Né en Argentine, M. Barenboim a débuté sur la scène internationale en tant que pianiste à l’âge de 10 ans, avant de devenir un chef d’orchestre de premier plan. « A 11 ans, Daniel Barenboim est déjà un phénomène », écrit alors le grand chef allemand Wilhelm Furtwängler. Ses enregistrements des cinq concertos pour piano de Beethoven ou encore de l’intégrale des concertos pour piano de Mozart feront date.
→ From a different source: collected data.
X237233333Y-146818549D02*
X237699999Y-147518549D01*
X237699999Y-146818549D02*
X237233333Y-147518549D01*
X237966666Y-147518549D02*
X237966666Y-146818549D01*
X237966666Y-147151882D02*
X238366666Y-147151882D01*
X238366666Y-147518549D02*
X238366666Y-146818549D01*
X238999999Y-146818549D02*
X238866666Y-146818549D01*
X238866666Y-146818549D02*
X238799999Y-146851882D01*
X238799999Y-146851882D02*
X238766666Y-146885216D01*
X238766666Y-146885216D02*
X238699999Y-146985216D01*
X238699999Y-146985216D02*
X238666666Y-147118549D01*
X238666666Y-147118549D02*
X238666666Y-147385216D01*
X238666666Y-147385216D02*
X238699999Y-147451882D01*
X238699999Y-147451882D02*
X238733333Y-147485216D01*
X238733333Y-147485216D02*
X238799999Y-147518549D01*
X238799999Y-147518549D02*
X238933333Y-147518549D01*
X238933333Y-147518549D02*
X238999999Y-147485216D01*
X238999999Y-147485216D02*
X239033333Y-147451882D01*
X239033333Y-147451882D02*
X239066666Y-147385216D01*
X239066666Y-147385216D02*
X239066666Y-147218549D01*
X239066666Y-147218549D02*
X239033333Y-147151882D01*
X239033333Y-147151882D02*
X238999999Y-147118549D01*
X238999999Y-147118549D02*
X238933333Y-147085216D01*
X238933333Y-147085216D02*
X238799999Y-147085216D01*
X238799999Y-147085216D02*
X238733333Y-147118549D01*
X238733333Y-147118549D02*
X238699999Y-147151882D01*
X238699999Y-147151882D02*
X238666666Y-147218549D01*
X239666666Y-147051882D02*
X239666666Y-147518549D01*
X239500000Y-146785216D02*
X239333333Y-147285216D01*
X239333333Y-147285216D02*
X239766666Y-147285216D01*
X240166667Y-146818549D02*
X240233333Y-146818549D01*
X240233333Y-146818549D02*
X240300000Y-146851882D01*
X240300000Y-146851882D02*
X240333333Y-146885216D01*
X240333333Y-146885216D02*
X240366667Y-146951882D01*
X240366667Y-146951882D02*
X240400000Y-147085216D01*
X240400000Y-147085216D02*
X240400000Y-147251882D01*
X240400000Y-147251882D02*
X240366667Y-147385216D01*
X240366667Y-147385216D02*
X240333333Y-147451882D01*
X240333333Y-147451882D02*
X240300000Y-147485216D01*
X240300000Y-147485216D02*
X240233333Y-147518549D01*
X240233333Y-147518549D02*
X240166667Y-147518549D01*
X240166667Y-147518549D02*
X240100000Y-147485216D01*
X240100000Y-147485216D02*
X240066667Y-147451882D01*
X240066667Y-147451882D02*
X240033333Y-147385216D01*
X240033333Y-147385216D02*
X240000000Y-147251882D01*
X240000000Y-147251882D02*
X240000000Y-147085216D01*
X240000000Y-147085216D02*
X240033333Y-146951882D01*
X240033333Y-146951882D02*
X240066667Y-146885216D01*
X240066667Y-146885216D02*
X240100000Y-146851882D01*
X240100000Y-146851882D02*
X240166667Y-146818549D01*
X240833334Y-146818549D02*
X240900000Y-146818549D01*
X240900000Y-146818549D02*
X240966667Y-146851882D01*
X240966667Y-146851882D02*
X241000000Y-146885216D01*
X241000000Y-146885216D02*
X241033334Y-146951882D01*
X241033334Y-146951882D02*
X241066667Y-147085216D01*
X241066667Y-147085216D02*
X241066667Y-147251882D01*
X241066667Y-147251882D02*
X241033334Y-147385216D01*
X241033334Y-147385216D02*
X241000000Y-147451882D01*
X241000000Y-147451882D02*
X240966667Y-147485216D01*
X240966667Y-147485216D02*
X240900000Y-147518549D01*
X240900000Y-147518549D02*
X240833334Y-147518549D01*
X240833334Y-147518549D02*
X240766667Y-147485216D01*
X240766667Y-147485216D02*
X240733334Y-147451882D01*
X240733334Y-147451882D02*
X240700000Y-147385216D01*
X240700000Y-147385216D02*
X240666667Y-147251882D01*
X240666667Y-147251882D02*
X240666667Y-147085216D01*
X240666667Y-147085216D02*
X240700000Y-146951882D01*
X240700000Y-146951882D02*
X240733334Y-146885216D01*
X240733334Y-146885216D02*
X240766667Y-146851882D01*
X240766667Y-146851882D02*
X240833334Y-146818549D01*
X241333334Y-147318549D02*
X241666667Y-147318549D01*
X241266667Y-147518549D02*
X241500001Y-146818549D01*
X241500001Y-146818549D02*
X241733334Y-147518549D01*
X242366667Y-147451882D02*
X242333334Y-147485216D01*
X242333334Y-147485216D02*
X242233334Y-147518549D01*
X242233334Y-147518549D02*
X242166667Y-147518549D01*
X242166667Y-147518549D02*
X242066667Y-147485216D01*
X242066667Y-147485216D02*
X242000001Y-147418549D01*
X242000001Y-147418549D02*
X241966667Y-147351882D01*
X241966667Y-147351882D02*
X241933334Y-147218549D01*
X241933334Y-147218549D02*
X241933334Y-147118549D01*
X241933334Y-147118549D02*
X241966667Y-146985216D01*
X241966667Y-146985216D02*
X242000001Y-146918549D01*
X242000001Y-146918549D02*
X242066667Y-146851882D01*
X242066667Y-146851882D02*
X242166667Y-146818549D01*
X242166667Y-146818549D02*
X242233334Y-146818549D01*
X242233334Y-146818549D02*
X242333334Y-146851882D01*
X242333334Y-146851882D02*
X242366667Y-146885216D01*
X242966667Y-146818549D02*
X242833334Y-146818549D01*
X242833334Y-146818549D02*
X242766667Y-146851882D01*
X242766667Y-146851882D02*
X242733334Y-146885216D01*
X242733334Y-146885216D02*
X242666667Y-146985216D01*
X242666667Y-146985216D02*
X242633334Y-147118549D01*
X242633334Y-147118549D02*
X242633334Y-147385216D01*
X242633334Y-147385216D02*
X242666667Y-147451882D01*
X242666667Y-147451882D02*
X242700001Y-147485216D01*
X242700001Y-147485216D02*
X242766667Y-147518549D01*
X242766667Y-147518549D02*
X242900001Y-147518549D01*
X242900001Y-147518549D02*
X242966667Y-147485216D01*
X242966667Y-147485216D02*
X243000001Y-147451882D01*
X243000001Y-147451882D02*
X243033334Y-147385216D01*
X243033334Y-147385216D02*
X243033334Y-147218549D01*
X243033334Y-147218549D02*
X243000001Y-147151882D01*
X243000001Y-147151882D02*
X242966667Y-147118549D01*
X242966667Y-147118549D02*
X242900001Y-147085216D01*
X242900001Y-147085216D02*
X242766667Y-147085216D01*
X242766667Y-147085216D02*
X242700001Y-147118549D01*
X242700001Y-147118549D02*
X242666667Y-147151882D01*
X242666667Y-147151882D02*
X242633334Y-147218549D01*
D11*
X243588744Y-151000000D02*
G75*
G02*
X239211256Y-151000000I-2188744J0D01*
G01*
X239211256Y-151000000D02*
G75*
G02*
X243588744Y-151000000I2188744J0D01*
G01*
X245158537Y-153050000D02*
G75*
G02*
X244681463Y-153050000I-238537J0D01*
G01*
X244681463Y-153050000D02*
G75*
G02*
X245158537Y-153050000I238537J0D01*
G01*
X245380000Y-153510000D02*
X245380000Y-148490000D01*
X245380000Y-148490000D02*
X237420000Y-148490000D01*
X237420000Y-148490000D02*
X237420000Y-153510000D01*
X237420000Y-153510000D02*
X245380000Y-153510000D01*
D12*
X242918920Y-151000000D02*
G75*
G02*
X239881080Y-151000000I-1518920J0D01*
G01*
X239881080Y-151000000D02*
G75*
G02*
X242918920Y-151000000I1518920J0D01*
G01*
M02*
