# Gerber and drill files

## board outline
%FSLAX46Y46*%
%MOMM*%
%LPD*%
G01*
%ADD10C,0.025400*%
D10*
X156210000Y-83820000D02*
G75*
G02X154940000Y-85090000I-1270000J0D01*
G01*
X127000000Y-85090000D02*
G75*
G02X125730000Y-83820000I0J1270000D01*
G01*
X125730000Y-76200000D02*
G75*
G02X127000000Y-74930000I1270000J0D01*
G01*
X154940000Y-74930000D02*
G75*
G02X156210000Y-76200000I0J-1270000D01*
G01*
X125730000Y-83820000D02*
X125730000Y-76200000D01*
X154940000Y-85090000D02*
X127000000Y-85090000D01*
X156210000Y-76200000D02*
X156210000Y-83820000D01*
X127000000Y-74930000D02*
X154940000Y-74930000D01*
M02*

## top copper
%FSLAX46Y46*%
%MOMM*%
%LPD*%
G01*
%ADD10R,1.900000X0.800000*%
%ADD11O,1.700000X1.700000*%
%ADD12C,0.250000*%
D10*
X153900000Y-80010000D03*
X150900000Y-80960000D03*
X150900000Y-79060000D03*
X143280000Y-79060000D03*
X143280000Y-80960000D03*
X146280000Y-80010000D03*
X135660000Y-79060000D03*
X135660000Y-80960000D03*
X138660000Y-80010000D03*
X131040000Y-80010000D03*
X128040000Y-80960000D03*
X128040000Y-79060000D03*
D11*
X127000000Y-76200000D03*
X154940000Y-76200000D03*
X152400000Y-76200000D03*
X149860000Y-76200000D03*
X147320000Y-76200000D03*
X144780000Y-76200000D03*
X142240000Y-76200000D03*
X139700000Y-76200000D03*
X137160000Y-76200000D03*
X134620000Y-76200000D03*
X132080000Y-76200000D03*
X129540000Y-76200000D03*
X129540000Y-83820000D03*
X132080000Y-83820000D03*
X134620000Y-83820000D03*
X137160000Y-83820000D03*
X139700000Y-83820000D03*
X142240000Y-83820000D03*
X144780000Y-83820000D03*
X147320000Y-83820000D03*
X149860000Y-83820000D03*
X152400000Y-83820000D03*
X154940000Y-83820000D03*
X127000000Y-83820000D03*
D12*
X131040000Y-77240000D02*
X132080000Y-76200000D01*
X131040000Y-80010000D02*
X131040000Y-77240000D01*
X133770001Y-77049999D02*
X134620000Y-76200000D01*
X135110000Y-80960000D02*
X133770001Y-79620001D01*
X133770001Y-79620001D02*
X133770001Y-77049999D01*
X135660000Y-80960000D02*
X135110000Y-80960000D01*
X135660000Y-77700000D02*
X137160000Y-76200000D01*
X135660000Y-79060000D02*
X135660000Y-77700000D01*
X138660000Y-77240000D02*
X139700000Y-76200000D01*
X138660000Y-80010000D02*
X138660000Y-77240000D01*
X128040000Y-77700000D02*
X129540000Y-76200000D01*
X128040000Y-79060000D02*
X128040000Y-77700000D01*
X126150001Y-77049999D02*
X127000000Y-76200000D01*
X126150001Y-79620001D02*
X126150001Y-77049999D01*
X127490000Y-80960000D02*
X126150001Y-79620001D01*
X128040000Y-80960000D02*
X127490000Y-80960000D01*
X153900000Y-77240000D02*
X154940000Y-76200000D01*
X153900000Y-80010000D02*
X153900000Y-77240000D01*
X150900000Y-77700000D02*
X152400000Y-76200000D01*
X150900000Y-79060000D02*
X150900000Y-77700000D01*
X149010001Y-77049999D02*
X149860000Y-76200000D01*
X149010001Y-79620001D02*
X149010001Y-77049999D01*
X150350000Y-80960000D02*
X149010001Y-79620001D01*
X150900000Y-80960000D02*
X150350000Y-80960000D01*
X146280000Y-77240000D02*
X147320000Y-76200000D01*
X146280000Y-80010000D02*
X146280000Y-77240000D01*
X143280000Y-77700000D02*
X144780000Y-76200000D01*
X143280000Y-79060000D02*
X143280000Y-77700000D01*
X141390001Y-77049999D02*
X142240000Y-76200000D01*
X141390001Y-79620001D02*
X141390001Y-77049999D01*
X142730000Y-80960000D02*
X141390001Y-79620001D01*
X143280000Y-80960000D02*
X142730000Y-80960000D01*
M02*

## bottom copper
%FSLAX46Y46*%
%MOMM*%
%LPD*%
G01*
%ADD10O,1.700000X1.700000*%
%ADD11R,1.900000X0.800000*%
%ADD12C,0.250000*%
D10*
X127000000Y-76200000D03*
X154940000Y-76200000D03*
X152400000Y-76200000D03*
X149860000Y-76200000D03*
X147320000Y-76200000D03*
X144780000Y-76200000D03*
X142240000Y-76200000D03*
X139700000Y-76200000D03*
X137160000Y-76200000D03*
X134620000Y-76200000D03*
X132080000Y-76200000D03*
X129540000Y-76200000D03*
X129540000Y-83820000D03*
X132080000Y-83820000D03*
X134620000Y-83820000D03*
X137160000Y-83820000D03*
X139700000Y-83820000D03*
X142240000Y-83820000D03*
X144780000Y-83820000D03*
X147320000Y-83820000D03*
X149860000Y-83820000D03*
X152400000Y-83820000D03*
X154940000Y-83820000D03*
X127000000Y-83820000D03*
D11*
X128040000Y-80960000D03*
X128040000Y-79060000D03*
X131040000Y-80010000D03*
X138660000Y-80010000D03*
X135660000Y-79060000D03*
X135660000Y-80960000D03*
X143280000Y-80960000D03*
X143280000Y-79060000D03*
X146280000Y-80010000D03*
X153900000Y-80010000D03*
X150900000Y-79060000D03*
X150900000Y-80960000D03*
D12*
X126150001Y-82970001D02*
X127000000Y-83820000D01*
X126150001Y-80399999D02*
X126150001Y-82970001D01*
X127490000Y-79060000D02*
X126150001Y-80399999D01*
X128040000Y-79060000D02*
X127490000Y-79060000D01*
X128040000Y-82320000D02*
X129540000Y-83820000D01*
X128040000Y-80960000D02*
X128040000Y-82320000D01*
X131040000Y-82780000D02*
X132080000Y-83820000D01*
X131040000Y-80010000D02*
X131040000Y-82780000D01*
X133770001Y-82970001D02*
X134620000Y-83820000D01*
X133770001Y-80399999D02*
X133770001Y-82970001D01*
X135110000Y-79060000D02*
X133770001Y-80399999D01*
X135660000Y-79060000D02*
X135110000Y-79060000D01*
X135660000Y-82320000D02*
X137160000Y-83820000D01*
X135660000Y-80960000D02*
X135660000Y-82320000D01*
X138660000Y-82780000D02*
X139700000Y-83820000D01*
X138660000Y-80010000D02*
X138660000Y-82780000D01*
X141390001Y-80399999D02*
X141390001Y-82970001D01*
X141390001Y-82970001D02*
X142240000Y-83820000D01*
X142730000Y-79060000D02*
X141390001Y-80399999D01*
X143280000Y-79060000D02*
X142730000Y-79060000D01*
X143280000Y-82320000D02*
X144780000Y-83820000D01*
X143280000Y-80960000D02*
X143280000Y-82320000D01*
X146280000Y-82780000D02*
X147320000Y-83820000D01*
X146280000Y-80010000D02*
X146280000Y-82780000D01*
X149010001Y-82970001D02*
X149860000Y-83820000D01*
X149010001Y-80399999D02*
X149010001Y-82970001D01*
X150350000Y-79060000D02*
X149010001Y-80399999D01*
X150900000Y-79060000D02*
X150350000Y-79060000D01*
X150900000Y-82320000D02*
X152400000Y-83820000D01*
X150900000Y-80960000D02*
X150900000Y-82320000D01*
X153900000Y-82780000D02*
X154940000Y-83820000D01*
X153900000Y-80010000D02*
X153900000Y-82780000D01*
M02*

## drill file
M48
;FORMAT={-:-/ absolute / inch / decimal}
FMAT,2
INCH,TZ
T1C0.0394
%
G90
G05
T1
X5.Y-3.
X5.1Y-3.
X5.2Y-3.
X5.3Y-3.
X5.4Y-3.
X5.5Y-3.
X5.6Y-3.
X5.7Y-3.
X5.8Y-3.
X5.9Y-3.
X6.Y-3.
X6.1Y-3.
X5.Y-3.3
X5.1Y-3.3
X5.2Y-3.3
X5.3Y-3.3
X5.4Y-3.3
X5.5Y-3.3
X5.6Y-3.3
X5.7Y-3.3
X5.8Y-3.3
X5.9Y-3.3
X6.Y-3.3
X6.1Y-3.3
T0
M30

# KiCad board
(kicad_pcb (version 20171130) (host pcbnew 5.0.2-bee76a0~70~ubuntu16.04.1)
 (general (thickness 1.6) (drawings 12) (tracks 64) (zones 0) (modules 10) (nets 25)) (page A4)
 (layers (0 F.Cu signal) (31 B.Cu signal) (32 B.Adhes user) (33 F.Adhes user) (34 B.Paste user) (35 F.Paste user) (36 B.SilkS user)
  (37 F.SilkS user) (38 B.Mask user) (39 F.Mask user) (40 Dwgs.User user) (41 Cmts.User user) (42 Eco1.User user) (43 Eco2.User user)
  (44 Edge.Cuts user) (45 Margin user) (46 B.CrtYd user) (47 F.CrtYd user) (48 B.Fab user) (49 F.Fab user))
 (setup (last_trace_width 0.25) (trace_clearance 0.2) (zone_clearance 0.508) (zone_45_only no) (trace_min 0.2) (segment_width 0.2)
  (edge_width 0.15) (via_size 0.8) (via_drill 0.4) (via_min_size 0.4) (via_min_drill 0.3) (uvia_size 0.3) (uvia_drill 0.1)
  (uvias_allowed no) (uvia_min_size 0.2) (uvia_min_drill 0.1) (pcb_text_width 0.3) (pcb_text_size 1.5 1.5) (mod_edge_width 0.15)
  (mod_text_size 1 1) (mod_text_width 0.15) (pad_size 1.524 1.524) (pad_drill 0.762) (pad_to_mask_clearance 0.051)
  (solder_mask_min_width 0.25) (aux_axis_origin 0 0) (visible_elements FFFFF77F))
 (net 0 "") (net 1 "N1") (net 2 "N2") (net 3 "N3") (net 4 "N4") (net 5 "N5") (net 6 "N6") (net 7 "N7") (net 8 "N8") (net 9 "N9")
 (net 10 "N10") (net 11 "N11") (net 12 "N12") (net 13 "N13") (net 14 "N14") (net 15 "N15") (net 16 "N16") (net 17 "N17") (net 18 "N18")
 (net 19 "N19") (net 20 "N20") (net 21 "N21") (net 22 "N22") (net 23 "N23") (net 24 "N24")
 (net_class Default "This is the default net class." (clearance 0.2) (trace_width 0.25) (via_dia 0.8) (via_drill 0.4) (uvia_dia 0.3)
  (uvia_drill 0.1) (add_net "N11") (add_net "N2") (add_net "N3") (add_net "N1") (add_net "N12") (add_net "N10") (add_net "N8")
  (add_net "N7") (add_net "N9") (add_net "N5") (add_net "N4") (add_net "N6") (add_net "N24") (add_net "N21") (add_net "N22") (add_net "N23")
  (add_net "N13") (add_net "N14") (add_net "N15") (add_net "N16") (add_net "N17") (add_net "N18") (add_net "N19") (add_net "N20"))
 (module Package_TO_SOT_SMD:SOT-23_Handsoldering (layer F.Cu) (at 152.4 80.01)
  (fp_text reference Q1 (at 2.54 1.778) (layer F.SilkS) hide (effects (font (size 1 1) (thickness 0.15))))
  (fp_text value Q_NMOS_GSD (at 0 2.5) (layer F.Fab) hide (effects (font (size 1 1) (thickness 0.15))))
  (pad 3 smd rect (at 1.5 0) (size 1.9 0.8) (layers F.Cu F.Paste F.Mask) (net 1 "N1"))
  (pad 2 smd rect (at -1.5 0.95) (size 1.9 0.8) (layers F.Cu F.Paste F.Mask) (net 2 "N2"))
  (pad 1 smd rect (at -1.5 -0.95) (size 1.9 0.8) (layers F.Cu F.Paste F.Mask) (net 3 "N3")))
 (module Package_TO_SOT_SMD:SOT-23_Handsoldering (layer F.Cu) (at 144.78 80.01)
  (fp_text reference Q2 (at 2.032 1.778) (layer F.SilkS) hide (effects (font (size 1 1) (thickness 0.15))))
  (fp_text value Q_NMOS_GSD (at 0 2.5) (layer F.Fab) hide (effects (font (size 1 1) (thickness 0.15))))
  (pad 1 smd rect (at -1.5 -0.95) (size 1.9 0.8) (layers F.Cu F.Paste F.Mask) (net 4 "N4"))
  (pad 2 smd rect (at -1.5 0.95) (size 1.9 0.8) (layers F.Cu F.Paste F.Mask) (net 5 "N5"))
  (pad 3 smd rect (at 1.5 0) (size 1.9 0.8) (layers F.Cu F.Paste F.Mask) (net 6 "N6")))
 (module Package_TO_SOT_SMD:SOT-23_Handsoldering (layer F.Cu) (at 137.16 80.01)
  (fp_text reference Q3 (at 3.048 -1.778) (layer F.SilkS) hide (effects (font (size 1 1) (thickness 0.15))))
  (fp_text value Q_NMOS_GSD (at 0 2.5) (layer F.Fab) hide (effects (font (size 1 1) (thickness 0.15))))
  (pad 1 smd rect (at -1.5 -0.95) (size 1.9 0.8) (layers F.Cu F.Paste F.Mask) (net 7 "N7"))
  (pad 2 smd rect (at -1.5 0.95) (size 1.9 0.8) (layers F.Cu F.Paste F.Mask) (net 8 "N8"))
  (pad 3 smd rect (at 1.5 0) (size 1.9 0.8) (layers F.Cu F.Paste F.Mask) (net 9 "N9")))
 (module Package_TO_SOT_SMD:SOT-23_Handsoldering (layer F.Cu) (at 129.54 80.01)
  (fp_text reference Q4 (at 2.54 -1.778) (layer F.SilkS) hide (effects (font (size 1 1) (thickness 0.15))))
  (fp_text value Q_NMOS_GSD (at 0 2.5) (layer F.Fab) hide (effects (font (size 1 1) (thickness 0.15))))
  (pad 3 smd rect (at 1.5 0) (size 1.9 0.8) (layers F.Cu F.Paste F.Mask) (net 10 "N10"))
  (pad 2 smd rect (at -1.5 0.95) (size 1.9 0.8) (layers F.Cu F.Paste F.Mask) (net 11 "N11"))
  (pad 1 smd rect (at -1.5 -0.95) (size 1.9 0.8) (layers F.Cu F.Paste F.Mask) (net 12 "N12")))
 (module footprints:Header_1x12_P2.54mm (layer F.Cu) (at 127 76.2 90)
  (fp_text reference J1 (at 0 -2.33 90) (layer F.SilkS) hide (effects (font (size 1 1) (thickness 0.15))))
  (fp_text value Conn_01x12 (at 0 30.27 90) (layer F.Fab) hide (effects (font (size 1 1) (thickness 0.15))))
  (pad 1 thru_hole oval (at 0 0 90) (size 1.7 1.7) (drill 1) (layers *.Cu *.Mask) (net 11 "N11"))
  (pad 12 thru_hole oval (at 0 27.94 90) (size 1.7 1.7) (drill 1) (layers *.Cu *.Mask) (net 1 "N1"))
  (pad 11 thru_hole oval (at 0 25.4 90) (size 1.7 1.7) (drill 1) (layers *.Cu *.Mask) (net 3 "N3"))
  (pad 10 thru_hole oval (at 0 22.86 90) (size 1.7 1.7) (drill 1) (layers *.Cu *.Mask) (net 2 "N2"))
  (pad 9 thru_hole oval (at 0 20.32 90) (size 1.7 1.7) (drill 1) (layers *.Cu *.Mask) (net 6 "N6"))
  (pad 8 thru_hole oval (at 0 17.78 90) (size 1.7 1.7) (drill 1) (layers *.Cu *.Mask) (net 4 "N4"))
  (pad 7 thru_hole oval (at 0 15.24 90) (size 1.7 1.7) (drill 1) (layers *.Cu *.Mask) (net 5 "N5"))
  (pad 6 thru_hole oval (at 0 12.7 90) (size 1.7 1.7) (drill 1) (layers *.Cu *.Mask) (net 9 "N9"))
  (pad 5 thru_hole oval (at 0 10.16 90) (size 1.7 1.7) (drill 1) (layers *.Cu *.Mask) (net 7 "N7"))
  (pad 4 thru_hole oval (at 0 7.62 90) (size 1.7 1.7) (drill 1) (layers *.Cu *.Mask) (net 8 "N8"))
  (pad 3 thru_hole oval (at 0 5.08 90) (size 1.7 1.7) (drill 1) (layers *.Cu *.Mask) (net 10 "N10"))
  (pad 2 thru_hole oval (at 0 2.54 90) (size 1.7 1.7) (drill 1) (layers *.Cu *.Mask) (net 12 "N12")))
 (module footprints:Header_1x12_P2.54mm (layer F.Cu) (at 127 83.82 90)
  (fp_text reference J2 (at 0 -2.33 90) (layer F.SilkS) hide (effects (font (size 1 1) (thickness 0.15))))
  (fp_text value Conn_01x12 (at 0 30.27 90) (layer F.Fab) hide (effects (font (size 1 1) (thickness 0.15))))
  (pad 2 thru_hole oval (at 0 2.54 90) (size 1.7 1.7) (drill 1) (layers *.Cu *.Mask) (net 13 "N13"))
  (pad 3 thru_hole oval (at 0 5.08 90) (size 1.7 1.7) (drill 1) (layers *.Cu *.Mask) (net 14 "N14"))
  (pad 4 thru_hole oval (at 0 7.62 90) (size 1.7 1.7) (drill 1) (layers *.Cu *.Mask) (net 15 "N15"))
  (pad 5 thru_hole oval (at 0 10.16 90) (size 1.7 1.7) (drill 1) (layers *.Cu *.Mask) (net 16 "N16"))
  (pad 6 thru_hole oval (at 0 12.7 90) (size 1.7 1.7) (drill 1) (layers *.Cu *.Mask) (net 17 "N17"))
  (pad 7 thru_hole oval (at 0 15.24 90) (size 1.7 1.7) (drill 1) (layers *.Cu *.Mask) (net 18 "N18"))
  (pad 8 thru_hole oval (at 0 17.78 90) (size 1.7 1.7) (drill 1) (layers *.Cu *.Mask) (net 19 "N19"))
  (pad 9 thru_hole oval (at 0 20.32 90) (size 1.7 1.7) (drill 1) (layers *.Cu *.Mask) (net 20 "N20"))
Avec son épouse, la violoncelliste britannique Jacqueline du Pré, il formera un des plus beaux duos musicaux du siècle. Jusqu’au décès en 1987, à 42 ans, de la musicienne, vaincue par une sclérose en plaques.
Enchaînant les enregistrements, Barenboim dirige pendant 14 ans l’Orchestre de Paris (1975-1989). Nommé directeur artistique et musical du nouvel Opéra Bastille, il est limogé par Pierre Bergé six mois avant l’ouverture. Le chef débute une carrière américaine à la tête du Chicago Symphony Orchestra (1991-2006), parallèlement à la direction du prestigieux Staatsoper de Berlin. Il deviendra « chef à vie » de son orchestre, la Staatskapelle. Il deviendra aussi un fidèle de Bayreuth, au risque de recevoir des critiques en Israël pour le fait de diriger des oeuvres de Wagner.
Son statut de maestro tout-puissant lui vaut en 2019 des accusations d’autoritarisme de la part d’ex-collaborateurs de l’Opéra berlinois.
Israélien, Argentin, Espagnol et détenteur depuis 2008 d’un passeport palestinien, Barenboim n’a pas hésité à utiliser sa notoriété pour servir ses convictions. Il a notamment créé une fondation et un orchestre chargés de promouvoir la coopération entre les jeunes musiciens d’Israël et des pays arabes. Nommé « messager de la paix » de l’ONU en 2007, il dirige un concert historique à Gaza en 2011.